Please copy each line of the listing that includes the string "Adhesive".

#### [The records]
# # # # # # #
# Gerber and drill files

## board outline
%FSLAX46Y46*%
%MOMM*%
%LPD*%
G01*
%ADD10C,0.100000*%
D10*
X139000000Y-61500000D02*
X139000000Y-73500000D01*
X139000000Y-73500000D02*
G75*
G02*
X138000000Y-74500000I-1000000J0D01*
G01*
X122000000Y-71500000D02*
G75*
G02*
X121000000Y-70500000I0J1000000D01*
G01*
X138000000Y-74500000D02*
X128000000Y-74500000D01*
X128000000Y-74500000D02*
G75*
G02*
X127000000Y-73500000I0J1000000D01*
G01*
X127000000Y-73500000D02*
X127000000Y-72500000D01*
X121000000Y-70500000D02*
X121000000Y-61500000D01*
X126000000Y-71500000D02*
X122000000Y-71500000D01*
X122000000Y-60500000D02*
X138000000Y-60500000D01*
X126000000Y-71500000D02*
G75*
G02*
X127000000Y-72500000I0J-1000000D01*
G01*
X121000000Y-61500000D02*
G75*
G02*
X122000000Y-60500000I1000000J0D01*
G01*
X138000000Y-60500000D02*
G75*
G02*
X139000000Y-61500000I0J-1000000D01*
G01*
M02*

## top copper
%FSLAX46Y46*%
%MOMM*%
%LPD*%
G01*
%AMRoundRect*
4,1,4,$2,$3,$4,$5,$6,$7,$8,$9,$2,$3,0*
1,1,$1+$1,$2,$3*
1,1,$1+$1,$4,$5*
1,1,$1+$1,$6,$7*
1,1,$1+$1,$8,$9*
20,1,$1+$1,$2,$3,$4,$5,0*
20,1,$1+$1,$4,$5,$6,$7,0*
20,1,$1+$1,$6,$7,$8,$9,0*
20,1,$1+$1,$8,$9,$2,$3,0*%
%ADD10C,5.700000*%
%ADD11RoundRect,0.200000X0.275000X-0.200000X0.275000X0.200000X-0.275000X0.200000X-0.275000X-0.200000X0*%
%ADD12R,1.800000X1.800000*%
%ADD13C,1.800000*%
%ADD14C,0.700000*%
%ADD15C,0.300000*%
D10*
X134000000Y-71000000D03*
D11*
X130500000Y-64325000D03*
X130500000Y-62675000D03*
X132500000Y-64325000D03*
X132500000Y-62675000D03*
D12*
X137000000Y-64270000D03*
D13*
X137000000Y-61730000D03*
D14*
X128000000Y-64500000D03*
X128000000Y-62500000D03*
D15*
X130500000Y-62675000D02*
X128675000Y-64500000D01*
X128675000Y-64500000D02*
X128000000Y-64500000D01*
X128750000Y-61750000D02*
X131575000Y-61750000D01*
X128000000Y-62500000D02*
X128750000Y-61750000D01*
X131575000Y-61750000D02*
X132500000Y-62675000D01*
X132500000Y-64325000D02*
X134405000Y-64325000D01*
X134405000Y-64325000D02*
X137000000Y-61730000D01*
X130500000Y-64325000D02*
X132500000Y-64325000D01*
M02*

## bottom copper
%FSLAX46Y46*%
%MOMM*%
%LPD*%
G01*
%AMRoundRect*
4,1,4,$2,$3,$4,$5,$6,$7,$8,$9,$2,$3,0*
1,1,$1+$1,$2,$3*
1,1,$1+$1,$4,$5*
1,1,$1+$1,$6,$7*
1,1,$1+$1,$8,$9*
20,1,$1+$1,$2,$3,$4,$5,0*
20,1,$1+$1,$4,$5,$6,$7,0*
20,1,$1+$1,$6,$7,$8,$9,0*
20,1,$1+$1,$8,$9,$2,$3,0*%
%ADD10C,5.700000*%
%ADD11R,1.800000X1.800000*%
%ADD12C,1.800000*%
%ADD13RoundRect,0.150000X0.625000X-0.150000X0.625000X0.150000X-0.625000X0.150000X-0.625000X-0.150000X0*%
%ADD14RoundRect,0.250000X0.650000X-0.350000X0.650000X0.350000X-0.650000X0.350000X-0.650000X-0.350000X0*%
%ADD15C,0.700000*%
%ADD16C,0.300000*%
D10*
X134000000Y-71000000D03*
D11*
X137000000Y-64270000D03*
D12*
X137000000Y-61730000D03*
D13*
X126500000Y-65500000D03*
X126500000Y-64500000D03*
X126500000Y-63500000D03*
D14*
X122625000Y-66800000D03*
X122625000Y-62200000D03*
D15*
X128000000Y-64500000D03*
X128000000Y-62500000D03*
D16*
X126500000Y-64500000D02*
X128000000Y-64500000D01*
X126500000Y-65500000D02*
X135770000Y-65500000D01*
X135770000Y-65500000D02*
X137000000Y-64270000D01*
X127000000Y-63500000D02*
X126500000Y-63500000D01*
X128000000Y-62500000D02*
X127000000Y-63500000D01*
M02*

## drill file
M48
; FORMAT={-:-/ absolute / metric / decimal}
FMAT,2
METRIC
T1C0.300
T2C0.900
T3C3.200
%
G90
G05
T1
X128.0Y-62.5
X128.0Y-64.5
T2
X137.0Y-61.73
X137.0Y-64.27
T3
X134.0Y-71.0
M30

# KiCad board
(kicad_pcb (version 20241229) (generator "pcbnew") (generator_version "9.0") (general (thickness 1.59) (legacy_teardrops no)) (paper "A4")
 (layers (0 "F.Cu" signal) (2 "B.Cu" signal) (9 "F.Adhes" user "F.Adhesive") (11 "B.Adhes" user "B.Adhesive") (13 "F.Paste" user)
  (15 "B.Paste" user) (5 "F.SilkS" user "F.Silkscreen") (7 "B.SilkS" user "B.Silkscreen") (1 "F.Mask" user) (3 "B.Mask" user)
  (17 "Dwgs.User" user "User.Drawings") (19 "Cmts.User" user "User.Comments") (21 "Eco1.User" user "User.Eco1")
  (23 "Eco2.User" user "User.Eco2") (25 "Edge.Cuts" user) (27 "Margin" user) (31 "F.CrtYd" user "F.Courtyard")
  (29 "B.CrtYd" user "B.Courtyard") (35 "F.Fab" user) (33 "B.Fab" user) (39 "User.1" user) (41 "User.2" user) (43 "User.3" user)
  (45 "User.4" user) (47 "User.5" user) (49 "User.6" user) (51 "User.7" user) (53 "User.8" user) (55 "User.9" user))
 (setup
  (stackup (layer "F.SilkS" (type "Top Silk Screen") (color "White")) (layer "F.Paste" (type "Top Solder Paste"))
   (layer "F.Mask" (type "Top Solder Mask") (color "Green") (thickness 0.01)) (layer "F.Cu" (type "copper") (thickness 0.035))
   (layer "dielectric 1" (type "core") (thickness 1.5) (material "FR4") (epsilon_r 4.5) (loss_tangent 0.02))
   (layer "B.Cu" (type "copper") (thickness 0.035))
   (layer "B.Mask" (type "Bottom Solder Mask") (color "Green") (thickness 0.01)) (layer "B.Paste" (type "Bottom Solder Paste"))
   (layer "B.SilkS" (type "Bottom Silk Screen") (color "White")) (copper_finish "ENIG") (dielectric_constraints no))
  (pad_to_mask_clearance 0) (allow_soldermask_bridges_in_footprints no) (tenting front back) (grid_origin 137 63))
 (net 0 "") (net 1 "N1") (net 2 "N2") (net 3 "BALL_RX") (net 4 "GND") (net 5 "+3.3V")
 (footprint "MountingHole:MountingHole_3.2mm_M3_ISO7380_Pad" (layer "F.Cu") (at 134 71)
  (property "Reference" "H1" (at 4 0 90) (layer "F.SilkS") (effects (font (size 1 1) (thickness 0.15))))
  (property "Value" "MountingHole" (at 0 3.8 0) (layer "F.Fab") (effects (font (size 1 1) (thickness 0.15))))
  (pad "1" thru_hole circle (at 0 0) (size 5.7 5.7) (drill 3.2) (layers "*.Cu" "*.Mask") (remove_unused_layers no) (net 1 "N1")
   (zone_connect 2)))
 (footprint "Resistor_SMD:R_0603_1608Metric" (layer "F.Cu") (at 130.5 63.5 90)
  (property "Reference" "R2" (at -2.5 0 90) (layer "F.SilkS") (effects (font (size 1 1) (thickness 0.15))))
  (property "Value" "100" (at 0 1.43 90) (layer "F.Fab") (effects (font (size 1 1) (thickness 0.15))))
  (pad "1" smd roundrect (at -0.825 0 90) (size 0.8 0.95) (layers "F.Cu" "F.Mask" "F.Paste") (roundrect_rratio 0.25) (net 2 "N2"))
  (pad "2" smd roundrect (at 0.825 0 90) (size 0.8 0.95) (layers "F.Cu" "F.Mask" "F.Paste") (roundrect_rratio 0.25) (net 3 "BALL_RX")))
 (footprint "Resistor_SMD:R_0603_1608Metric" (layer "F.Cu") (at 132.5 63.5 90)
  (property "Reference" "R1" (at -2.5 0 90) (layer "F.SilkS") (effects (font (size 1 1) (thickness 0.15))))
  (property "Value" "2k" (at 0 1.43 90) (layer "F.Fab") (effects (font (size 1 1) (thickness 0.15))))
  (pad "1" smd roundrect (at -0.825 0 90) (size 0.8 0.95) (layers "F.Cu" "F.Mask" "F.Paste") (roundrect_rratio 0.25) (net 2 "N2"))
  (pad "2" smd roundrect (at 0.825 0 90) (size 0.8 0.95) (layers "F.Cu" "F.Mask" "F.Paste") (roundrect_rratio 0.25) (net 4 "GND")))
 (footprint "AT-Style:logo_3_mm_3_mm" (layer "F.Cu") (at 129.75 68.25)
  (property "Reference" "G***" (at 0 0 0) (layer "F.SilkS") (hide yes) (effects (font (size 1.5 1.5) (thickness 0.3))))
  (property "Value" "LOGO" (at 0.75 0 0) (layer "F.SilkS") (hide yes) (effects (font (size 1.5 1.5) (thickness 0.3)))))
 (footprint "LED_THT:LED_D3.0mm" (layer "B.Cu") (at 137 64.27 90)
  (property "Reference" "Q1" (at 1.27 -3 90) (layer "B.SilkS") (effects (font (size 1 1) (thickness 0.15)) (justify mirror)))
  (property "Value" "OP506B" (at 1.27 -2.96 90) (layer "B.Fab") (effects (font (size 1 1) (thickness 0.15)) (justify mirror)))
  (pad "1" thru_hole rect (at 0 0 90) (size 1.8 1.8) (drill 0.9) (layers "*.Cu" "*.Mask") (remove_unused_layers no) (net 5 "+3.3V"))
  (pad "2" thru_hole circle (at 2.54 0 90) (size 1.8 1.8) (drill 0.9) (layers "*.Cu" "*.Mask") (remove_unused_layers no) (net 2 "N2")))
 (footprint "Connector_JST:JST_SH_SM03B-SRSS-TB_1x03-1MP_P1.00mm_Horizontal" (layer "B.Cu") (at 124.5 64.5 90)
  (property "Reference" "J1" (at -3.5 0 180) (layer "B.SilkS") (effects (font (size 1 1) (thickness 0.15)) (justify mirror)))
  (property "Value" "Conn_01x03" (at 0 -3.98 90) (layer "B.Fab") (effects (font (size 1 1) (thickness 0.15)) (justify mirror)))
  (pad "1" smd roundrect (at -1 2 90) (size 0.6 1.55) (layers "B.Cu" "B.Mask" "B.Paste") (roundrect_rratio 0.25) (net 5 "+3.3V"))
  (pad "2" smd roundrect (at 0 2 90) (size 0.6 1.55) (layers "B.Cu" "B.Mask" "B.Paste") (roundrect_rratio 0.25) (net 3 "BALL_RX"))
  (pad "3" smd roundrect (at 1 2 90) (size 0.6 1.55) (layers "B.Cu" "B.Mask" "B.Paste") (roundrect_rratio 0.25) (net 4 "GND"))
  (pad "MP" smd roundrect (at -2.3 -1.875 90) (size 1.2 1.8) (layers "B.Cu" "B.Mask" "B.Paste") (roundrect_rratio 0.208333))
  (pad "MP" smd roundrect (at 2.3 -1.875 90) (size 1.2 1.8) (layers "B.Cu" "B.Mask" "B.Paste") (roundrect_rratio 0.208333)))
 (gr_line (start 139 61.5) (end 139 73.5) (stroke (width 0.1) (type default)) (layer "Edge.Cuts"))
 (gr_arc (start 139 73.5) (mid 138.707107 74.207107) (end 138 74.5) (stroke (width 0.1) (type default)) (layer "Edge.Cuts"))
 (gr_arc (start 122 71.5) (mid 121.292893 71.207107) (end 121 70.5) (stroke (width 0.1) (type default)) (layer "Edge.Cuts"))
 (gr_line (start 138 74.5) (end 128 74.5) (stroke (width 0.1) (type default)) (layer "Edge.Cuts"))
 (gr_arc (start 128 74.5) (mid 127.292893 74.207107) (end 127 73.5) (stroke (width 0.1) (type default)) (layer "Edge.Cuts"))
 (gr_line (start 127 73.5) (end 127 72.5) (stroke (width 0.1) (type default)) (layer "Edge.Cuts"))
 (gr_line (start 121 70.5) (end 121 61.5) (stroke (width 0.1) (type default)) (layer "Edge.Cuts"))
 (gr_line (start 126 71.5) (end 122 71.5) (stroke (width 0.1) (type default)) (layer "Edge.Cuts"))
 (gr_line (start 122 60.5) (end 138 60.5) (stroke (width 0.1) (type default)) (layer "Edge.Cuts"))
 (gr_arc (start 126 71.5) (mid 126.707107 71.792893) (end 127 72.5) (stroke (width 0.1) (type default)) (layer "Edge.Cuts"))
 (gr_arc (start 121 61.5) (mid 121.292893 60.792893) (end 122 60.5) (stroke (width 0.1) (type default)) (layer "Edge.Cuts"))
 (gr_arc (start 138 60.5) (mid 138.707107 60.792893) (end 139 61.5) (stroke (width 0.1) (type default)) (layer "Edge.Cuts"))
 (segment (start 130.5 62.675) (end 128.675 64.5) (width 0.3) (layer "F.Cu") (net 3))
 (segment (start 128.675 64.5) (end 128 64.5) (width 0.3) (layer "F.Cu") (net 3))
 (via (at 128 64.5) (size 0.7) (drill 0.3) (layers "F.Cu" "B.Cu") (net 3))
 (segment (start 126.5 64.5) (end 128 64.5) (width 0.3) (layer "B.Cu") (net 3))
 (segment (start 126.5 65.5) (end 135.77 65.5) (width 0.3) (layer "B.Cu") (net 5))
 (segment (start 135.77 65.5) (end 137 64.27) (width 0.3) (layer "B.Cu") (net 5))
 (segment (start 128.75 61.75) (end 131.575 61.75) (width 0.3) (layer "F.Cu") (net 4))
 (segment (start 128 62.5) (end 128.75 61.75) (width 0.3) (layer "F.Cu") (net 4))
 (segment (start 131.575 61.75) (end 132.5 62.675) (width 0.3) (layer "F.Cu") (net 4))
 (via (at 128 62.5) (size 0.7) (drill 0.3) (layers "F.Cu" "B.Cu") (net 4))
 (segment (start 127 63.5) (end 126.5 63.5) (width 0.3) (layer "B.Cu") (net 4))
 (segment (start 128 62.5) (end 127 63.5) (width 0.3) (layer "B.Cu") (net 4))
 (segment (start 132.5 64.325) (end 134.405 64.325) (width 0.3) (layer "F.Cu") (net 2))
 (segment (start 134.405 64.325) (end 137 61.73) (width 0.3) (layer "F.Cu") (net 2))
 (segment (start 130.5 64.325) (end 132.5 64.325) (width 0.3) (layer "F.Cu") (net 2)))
# # # # # # #
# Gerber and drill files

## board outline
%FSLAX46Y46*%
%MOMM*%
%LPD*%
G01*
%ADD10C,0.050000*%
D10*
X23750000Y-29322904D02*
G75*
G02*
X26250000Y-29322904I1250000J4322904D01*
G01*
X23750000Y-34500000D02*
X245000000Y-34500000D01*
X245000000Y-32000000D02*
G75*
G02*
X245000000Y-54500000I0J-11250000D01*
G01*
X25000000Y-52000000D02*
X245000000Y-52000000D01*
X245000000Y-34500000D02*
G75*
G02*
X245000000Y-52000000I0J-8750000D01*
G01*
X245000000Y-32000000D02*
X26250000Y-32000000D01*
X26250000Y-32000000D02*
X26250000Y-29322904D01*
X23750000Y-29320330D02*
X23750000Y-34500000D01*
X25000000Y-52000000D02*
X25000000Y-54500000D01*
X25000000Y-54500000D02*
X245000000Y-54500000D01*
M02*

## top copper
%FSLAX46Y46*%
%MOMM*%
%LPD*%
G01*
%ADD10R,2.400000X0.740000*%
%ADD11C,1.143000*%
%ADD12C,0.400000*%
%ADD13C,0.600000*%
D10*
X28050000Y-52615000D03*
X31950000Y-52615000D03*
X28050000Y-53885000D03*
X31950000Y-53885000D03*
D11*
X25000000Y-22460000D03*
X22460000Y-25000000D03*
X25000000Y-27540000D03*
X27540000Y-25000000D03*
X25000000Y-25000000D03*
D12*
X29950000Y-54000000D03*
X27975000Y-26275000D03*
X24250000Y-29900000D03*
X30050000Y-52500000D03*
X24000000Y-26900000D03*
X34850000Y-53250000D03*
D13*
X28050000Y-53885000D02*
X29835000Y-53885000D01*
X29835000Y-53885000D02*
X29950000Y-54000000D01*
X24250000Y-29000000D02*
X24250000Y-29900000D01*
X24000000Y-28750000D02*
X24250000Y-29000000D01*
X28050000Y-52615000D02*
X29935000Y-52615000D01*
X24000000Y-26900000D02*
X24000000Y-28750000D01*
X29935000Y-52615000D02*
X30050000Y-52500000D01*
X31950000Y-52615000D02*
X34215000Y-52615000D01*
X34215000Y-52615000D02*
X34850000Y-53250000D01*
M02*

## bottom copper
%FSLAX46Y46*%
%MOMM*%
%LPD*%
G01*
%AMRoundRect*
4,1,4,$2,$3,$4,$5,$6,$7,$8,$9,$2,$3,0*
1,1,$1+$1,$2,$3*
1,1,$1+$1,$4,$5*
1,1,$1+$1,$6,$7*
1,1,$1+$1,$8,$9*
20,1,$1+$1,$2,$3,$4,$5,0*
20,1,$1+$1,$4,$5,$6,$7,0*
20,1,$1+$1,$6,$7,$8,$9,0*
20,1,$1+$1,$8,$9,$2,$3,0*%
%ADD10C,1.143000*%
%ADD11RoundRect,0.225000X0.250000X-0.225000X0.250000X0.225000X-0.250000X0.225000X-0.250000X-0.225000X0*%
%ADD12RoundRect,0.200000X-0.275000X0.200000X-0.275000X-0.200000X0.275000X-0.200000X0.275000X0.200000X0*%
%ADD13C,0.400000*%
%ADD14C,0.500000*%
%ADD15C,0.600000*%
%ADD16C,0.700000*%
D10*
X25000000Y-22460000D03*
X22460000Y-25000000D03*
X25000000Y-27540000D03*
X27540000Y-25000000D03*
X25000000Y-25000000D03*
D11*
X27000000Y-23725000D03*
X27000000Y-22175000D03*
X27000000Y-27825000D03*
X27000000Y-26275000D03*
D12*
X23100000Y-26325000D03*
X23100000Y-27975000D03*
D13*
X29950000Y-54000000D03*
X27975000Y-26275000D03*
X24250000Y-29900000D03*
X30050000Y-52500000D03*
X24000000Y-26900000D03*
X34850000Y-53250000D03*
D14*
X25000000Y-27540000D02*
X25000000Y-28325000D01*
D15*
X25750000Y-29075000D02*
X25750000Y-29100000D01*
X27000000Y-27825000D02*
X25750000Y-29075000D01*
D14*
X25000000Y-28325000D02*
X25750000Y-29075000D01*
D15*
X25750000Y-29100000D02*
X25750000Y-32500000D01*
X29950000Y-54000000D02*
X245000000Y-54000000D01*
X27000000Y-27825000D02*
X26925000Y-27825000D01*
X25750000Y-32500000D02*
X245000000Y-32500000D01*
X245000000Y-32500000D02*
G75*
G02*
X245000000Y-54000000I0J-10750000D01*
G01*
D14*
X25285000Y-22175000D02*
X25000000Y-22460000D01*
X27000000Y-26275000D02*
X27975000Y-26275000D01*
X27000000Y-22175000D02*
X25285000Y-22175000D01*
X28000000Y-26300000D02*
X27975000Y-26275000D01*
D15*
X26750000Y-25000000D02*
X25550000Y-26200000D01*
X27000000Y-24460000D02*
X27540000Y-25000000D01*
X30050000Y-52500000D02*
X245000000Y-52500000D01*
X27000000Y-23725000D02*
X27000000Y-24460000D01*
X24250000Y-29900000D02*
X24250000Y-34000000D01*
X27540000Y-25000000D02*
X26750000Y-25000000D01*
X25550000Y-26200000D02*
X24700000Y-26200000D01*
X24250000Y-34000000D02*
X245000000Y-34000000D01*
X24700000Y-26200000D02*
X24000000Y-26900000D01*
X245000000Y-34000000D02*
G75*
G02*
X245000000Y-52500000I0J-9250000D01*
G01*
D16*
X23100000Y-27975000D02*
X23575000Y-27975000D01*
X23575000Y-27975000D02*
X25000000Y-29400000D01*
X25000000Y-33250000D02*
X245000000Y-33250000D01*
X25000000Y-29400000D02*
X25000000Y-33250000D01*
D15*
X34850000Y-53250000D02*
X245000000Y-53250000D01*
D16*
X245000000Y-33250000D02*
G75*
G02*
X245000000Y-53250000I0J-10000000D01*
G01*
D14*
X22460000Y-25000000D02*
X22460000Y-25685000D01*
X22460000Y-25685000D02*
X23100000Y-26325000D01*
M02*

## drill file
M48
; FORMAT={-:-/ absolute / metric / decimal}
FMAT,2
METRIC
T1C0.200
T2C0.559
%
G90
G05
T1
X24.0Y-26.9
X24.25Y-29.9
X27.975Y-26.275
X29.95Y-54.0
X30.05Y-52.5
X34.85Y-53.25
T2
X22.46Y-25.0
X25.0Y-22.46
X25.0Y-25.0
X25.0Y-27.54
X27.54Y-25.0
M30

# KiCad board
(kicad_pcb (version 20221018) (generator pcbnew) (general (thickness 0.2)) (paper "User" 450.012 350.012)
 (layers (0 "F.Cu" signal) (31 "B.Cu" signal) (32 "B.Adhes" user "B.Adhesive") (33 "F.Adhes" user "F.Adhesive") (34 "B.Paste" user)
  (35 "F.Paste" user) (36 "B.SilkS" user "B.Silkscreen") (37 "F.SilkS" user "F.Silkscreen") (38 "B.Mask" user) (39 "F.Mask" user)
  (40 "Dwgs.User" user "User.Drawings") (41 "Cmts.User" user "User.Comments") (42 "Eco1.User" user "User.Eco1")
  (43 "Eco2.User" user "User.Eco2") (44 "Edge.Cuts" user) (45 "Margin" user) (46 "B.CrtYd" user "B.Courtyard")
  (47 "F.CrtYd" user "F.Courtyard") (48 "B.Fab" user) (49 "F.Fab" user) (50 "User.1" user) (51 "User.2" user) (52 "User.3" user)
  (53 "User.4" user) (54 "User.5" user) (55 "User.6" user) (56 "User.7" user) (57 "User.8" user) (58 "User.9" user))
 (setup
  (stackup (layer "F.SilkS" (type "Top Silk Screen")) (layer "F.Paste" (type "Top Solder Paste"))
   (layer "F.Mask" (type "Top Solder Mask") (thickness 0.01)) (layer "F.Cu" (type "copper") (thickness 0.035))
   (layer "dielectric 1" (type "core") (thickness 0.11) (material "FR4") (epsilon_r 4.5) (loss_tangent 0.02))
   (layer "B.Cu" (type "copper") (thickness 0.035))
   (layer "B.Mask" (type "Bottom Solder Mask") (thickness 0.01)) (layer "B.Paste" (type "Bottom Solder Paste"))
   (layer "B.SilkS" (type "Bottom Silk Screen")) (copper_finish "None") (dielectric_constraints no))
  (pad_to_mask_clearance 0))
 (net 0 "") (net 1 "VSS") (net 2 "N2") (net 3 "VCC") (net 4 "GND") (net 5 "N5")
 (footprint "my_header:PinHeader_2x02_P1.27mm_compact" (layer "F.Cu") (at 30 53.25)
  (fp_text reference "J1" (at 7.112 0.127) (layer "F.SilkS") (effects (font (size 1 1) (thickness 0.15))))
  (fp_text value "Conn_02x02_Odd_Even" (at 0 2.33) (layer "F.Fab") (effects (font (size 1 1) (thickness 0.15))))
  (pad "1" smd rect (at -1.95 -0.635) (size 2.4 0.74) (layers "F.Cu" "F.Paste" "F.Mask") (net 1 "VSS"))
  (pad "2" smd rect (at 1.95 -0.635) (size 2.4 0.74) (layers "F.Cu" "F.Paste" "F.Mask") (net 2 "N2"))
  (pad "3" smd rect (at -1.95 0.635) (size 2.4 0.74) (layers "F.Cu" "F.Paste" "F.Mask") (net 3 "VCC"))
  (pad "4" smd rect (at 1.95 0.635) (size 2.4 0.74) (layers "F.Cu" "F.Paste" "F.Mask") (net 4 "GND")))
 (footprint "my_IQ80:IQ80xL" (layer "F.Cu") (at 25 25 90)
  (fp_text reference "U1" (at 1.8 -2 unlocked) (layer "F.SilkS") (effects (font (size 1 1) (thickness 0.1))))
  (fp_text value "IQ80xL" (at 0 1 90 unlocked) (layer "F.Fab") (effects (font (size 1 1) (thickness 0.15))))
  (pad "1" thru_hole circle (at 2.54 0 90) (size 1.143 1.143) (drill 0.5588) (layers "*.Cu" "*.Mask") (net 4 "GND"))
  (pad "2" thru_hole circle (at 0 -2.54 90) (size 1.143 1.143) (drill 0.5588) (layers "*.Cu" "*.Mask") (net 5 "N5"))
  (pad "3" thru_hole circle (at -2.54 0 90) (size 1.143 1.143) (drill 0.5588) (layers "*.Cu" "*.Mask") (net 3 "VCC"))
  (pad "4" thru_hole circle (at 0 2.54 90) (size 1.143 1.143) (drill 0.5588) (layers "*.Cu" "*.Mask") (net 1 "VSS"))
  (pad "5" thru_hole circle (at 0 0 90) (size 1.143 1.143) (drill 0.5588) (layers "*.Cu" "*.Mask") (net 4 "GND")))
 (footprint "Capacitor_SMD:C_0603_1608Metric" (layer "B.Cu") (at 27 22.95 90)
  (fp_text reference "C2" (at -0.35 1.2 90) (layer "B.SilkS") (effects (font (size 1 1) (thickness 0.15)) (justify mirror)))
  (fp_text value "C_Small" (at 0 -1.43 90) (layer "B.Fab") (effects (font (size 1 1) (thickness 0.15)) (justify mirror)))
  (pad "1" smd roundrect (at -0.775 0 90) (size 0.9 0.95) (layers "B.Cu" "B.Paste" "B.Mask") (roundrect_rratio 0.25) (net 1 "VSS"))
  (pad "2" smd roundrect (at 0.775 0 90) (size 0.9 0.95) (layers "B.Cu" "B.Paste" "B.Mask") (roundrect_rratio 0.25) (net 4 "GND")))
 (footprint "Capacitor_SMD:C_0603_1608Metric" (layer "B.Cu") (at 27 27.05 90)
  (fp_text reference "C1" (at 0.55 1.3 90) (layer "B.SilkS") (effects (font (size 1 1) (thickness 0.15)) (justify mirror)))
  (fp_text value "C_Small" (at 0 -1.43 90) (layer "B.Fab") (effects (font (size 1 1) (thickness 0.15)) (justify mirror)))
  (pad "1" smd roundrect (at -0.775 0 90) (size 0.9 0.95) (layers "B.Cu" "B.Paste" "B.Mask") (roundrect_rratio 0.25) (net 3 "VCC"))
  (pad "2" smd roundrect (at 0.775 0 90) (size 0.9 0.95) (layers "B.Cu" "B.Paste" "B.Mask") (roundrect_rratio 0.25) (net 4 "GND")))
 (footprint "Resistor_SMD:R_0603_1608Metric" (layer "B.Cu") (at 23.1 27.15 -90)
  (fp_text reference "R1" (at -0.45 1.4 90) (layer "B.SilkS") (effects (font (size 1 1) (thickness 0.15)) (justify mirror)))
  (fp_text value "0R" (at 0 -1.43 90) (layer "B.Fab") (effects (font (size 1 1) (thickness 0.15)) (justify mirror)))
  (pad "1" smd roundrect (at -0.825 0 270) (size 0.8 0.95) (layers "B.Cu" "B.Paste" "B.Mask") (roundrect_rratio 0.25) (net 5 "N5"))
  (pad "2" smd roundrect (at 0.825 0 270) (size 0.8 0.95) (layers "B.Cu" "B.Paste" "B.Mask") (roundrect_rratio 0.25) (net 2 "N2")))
# # # # # # #
#### [Answer to the problem]
 (layers (0 "F.Cu" signal) (2 "B.Cu" signal) (9 "F.Adhes" user "F.Adhesive") (11 "B.Adhes" user "B.Adhesive") (13 "F.Paste" user)
 (layers (0 "F.Cu" signal) (31 "B.Cu" signal) (32 "B.Adhes" user "B.Adhesive") (33 "F.Adhes" user "F.Adhesive") (34 "B.Paste" user)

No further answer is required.